If you're wondering why the probability changes in this case, but doesn't when he opens one door, the answer is this: When he opens just one door, he has not given you any information about the door you opened. When he opens two doors, he *has* (indirectly) given you information about your door.

To add to this, the only way Monty could do the two-door rule would be to have to have a pair of rules:

- If you pick the right door, he will open two doors. (this happens 1/3 of the time)
- If you pick the wrong door, he will open one door. (this happens 2/3 of the time)

The problem with this is: if you know the rules, you can do an always-winning strategy. If he opens two doors, you've automatically won, and if he only opens one door, that means you picked the wrong door, so you must swap. Monty would DEFINITELY not want to play by those rules!

Addendum: If you would like to look at a couple different ways of understanding the Monty Hall problem, you can find more write-up here: The Murky Swamp of Probability.

**Sledding in December**. Let's say my wife looked at the weather forecast and told me, "Every day but one this week is going to have a wind chill of -20 F, and there will be one day that's going to be sunny and warm. So, randomly pick a day for sledding." (My wife hates the cold, so she would definitely not do something as ridiculous as that!) We'll make the wild assumption for this example that the National Weather Service has 100% predictive accuracy.
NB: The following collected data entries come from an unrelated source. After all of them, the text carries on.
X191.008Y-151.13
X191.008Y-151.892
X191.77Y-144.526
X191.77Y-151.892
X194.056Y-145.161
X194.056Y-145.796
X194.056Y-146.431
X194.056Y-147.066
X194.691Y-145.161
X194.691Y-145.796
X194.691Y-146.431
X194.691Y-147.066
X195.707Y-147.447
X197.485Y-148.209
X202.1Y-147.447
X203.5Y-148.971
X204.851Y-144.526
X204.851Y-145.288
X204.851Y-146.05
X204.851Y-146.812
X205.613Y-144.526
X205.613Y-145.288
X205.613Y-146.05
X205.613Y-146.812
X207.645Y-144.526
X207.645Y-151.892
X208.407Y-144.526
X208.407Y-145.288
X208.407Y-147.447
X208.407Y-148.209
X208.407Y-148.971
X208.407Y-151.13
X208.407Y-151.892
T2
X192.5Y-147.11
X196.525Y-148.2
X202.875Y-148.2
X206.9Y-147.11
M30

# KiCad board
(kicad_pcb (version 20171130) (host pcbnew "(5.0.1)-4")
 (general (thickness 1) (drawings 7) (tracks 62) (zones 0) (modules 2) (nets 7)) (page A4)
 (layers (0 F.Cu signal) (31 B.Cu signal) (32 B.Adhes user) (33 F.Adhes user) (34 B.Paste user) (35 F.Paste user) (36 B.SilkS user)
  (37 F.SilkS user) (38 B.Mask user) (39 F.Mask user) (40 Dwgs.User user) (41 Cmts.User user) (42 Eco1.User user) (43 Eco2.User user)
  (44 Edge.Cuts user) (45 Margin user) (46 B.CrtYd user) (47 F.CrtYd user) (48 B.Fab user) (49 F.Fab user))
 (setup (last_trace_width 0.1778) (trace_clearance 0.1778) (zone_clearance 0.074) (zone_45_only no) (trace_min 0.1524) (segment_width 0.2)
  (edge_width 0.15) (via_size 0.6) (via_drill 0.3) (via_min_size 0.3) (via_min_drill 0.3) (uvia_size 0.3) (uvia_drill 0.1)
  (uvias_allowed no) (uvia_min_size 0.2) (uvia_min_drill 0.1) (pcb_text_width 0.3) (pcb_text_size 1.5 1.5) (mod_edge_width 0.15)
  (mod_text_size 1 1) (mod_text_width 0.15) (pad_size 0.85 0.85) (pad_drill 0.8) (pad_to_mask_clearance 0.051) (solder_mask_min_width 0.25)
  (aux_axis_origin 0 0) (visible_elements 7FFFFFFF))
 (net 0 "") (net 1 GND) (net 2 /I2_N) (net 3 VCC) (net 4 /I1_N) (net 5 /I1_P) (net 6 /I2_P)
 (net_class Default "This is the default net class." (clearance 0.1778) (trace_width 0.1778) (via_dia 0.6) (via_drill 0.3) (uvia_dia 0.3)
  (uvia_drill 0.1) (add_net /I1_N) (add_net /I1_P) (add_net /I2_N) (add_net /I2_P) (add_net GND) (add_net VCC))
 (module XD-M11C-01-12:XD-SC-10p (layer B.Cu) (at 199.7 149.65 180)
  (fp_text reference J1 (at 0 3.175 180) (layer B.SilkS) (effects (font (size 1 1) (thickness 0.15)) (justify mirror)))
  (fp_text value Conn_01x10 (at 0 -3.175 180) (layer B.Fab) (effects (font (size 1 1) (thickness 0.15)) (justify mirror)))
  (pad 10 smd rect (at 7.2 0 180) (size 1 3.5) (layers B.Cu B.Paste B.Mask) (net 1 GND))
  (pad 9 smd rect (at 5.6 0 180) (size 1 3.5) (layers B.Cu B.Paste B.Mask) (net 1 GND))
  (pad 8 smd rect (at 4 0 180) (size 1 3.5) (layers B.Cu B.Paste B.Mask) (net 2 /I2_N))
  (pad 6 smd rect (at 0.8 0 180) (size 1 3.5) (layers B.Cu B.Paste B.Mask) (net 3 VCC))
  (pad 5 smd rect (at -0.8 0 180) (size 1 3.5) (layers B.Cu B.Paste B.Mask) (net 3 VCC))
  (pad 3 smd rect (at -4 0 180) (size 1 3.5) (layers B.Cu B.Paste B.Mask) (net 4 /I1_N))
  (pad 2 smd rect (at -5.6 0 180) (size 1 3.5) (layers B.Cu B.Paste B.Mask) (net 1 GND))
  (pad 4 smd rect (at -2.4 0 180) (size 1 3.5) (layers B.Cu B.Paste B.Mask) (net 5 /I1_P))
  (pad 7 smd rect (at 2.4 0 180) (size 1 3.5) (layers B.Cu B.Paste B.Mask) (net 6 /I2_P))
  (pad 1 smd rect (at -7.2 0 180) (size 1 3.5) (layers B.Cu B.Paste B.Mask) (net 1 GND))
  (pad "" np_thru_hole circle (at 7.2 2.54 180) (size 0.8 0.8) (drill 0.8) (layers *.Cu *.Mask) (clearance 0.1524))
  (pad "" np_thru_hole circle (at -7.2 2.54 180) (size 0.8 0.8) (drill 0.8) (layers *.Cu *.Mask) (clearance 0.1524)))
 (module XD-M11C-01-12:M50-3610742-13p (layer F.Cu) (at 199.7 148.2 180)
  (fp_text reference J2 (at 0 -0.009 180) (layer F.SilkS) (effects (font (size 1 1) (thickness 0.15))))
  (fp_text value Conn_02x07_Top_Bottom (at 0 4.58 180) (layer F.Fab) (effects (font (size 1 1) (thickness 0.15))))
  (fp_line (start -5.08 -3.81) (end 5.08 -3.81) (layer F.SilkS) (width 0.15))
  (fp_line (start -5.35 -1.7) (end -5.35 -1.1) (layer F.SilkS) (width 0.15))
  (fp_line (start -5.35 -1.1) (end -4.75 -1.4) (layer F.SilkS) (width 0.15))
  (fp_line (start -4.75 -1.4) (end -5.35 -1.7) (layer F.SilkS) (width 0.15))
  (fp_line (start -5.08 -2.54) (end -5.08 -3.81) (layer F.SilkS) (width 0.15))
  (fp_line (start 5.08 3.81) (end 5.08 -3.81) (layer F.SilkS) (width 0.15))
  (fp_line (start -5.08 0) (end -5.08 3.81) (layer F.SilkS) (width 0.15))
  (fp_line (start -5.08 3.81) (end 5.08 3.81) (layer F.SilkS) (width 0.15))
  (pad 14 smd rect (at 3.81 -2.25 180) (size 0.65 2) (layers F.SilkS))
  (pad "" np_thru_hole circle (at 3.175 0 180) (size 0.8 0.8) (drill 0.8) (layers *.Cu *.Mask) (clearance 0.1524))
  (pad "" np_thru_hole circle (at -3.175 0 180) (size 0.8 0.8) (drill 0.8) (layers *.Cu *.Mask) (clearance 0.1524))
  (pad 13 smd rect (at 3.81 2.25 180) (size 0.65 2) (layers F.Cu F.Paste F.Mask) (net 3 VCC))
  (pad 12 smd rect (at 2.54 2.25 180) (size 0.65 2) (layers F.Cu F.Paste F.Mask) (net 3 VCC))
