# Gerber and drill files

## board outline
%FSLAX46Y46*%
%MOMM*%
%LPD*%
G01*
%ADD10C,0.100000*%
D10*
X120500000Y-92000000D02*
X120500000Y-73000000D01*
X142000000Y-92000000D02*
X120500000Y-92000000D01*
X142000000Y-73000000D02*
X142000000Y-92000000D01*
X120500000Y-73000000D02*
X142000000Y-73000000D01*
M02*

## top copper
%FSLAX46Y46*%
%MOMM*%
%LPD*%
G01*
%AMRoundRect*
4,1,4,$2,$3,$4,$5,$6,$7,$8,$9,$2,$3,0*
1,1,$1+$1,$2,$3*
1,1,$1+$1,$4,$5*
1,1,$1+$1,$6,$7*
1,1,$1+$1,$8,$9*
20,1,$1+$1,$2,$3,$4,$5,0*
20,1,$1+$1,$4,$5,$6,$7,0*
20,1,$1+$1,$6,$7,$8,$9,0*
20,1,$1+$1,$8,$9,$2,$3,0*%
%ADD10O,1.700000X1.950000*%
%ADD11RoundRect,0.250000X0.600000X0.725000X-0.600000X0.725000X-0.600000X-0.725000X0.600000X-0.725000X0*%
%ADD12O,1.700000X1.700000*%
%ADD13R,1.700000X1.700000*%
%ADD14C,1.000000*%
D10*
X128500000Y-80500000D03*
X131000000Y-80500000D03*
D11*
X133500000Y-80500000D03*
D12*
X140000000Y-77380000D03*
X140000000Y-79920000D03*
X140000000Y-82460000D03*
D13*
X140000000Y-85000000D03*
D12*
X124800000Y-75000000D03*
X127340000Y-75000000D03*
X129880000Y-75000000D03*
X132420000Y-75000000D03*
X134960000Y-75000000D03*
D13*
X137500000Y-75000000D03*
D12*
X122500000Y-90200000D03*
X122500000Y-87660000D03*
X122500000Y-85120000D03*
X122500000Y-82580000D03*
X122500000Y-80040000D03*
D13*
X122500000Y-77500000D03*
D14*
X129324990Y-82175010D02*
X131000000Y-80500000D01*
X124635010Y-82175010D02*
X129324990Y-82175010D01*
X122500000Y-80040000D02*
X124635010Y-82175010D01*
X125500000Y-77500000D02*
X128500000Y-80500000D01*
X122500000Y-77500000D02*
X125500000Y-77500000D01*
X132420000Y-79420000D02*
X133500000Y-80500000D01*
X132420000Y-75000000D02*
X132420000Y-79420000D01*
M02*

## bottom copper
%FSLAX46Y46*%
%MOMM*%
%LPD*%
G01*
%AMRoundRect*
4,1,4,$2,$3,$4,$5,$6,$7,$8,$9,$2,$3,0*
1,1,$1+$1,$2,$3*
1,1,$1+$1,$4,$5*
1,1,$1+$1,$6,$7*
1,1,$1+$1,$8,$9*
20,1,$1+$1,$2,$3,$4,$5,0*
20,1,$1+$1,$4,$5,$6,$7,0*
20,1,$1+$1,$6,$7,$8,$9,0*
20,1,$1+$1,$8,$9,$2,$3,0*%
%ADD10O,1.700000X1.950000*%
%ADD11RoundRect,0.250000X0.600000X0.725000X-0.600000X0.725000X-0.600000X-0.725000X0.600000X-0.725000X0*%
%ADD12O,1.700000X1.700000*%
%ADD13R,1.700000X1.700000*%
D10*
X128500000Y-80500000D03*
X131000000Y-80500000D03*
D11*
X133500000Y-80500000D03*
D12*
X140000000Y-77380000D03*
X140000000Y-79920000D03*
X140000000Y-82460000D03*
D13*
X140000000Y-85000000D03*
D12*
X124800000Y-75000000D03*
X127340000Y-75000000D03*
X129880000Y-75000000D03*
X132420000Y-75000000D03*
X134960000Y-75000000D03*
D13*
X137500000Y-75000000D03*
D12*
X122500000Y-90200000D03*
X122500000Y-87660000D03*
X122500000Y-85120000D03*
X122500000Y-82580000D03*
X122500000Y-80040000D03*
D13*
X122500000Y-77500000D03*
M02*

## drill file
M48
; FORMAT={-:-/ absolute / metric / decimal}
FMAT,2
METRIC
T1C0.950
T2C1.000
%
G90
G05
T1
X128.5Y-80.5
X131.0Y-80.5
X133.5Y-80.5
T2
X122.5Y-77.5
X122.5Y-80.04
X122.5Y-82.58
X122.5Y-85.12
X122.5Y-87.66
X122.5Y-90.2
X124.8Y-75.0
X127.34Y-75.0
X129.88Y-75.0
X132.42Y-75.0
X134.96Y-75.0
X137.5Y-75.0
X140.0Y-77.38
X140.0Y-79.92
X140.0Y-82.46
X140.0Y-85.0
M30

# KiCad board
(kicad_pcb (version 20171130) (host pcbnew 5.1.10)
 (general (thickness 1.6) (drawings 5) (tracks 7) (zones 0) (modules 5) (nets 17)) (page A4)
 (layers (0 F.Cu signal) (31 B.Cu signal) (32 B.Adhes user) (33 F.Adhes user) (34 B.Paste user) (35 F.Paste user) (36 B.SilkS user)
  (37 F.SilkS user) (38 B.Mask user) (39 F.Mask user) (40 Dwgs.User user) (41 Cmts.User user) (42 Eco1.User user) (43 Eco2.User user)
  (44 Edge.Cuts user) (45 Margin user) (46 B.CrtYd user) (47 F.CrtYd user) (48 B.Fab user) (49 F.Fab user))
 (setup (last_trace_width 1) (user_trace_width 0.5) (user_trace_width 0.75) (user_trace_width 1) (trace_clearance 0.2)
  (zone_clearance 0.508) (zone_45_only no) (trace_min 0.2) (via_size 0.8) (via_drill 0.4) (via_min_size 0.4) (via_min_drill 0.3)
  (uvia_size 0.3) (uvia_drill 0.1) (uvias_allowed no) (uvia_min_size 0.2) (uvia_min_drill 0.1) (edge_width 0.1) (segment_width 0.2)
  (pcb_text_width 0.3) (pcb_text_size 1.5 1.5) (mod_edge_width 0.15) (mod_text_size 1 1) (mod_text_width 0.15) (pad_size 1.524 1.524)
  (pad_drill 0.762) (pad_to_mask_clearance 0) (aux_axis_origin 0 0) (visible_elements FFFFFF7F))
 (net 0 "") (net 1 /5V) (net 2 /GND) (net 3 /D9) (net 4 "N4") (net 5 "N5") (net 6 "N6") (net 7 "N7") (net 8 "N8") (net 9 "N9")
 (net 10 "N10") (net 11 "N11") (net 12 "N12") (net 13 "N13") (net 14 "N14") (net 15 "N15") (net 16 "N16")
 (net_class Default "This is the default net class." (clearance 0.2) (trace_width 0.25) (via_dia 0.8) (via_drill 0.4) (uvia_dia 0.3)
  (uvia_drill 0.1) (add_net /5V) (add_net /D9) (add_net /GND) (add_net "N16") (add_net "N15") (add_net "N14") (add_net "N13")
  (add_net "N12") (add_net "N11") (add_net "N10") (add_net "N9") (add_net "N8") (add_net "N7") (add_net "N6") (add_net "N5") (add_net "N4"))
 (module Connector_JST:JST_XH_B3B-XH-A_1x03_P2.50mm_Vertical (layer F.Cu) (at 133.5 80.5 180)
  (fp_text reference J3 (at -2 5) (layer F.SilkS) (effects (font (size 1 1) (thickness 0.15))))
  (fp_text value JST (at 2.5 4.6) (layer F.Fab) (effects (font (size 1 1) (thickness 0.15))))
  (pad 3 thru_hole oval (at 5 0 180) (size 1.7 1.95) (drill 0.95) (layers *.Cu *.Mask) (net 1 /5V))
  (pad 2 thru_hole oval (at 2.5 0 180) (size 1.7 1.95) (drill 0.95) (layers *.Cu *.Mask) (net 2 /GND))
  (pad 1 thru_hole roundrect (at 0 0 180) (size 1.7 1.95) (drill 0.95) (layers *.Cu *.Mask) (roundrect_rratio 0.147059) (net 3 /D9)))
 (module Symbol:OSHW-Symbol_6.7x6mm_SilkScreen (layer F.Cu) (at 129 86.5)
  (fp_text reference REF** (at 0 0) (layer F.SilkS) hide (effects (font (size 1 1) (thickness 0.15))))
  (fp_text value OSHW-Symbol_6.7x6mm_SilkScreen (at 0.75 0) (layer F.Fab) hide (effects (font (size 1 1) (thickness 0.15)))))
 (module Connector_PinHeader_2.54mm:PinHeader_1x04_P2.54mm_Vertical (layer B.Cu) (at 140 85)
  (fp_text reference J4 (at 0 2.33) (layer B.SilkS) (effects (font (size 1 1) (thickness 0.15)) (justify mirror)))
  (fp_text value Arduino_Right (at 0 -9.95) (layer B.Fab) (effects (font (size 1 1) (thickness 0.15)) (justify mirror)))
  (pad 4 thru_hole oval (at 0 -7.62) (size 1.7 1.7) (drill 1) (layers *.Cu *.Mask) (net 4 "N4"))
  (pad 3 thru_hole oval (at 0 -5.08) (size 1.7 1.7) (drill 1) (layers *.Cu *.Mask) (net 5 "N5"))
  (pad 2 thru_hole oval (at 0 -2.54) (size 1.7 1.7) (drill 1) (layers *.Cu *.Mask) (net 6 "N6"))
  (pad 1 thru_hole rect (at 0 0) (size 1.7 1.7) (drill 1) (layers *.Cu *.Mask) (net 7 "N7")))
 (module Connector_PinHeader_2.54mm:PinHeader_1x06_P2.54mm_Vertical (layer B.Cu) (at 137.5 75 90)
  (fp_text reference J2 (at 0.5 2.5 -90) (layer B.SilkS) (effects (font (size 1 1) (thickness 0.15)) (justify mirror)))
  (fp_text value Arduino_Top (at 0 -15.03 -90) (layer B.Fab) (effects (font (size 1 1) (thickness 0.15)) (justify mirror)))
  (pad 6 thru_hole oval (at 0 -12.7 90) (size 1.7 1.7) (drill 1) (layers *.Cu *.Mask) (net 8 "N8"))
  (pad 5 thru_hole oval (at 0 -10.16 90) (size 1.7 1.7) (drill 1) (layers *.Cu *.Mask) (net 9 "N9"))
  (pad 4 thru_hole oval (at 0 -7.62 90) (size 1.7 1.7) (drill 1) (layers *.Cu *.Mask) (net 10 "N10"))
  (pad 3 thru_hole oval (at 0 -5.08 90) (size 1.7 1.7) (drill 1) (layers *.Cu *.Mask) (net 3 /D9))
  (pad 2 thru_hole oval (at 0 -2.54 90) (size 1.7 1.7) (drill 1) (layers *.Cu *.Mask) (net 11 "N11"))
  (pad 1 thru_hole rect (at 0 0 90) (size 1.7 1.7) (drill 1) (layers *.Cu *.Mask) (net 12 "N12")))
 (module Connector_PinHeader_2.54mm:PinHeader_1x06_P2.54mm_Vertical (layer B.Cu) (at 122.5 77.5 180)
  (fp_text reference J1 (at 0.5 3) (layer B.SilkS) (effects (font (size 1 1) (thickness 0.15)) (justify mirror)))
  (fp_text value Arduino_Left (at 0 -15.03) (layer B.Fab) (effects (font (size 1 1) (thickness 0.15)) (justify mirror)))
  (pad 6 thru_hole oval (at 0 -12.7 180) (size 1.7 1.7) (drill 1) (layers *.Cu *.Mask) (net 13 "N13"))
  (pad 5 thru_hole oval (at 0 -10.16 180) (size 1.7 1.7) (drill 1) (layers *.Cu *.Mask) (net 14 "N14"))
  (pad 4 thru_hole oval (at 0 -7.62 180) (size 1.7 1.7) (drill 1) (layers *.Cu *.Mask) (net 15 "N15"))
  (pad 3 thru_hole oval (at 0 -5.08 180) (size 1.7 1.7) (drill 1) (layers *.Cu *.Mask) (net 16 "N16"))
  (pad 2 thru_hole oval (at 0 -2.54 180) (size 1.7 1.7) (drill 1) (layers *.Cu *.Mask) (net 2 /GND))
  (pad 1 thru_hole rect (at 0 0 180) (size 1.7 1.7) (drill 1) (layers *.Cu *.Mask) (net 1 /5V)))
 (gr_line (start 120.5 92) (end 120.5 73) (layer Edge.Cuts) (width 0.1))
 (gr_line (start 142 92) (end 120.5 92) (layer Edge.Cuts) (width 0.1))
 (gr_line (start 142 73) (end 142 92) (layer Edge.Cuts) (width 0.1))
 (gr_line (start 120.5 73) (end 142 73) (layer Edge.Cuts) (width 0.1))
 (segment (start 129.32499 82.17501) (end 131 80.5) (width 1) (layer F.Cu) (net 2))
 (segment (start 124.63501 82.17501) (end 129.32499 82.17501) (width 1) (layer F.Cu) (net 2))
 (segment (start 122.5 80.04) (end 124.63501 82.17501) (width 1) (layer F.Cu) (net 2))
 (segment (start 125.5 77.5) (end 128.5 80.5) (width 1) (layer F.Cu) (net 1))
 (segment (start 122.5 77.5) (end 125.5 77.5) (width 1) (layer F.Cu) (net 1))
 (segment (start 132.42 79.42) (end 133.5 80.5) (width 1) (layer F.Cu) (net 3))
 (segment (start 132.42 75) (end 132.42 79.42) (width 1) (layer F.Cu) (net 3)))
So I pick Tuesday. I have a one-in-seven chance of "winning," based on the information I have. Of course, my wife has a different perspective, because she has more information than I do. She knows with 100% certainty whether I've picked correctly or not!

Now my wife says, "Okay, I'll tell you that the following days are going to be -20 F: Sunday, Monday, Thursday, Friday, Saturday."

She's narrowed my choices down to *two* possibilities. But it's important to remember that this was not a completely random choice. She didn't pick 5 out of 7 days to eliminate; she picked 5 out of *6*! She couldn't eliminate Tuesday, because that was the day I had picked, and if she eliminated it, I would be *forced *to change.

My reasoning now goes as follows: Based on my original information I was given, Tuesday had a 1/7 probability of being the best day for sledding. That means there was a 6/7 probability that one of the other days was the good sledding day. So there's a 6/7 probability that the good sledding day is: Sunday, Monday, Wednesday, Thursday, Friday or Saturday. As a probability equation, I could write:

P_{su }+ P_{m }+ P_{w }+ P_{th }+ P_{f }+ P_{sa }= 6/7

But now my wife has changed the problem. She's changed it by giving me more information: She's told me the values of all but one of those probabilities is zero!

That means: 0 + 0 + P_{w} + 0 + 0 + 0 = 6/7, which means that P_{w} = 6/7!

So do I switch my decision to Wednesday? You bet I do! The key to understanding this is that my wife's choice of information to give me is *not random*, and it therefore significantly alters the shape of the problem.

I hope that this is a helpful answer. The Monty Hall problem is one that repeatedly trips people up. I wonder if my blog post will increase the probability of people *not *getting tripped up by it!

PS - if you go to the Monty Hall game and change the game settings to 7 doors, 5 hints, that will be the same as my sledding example. Turn on the automation, and watch the percent. If you let it run long enough, you'll see that it eventually settles down to about 85.7%, which is the 6/7 probability we calculated.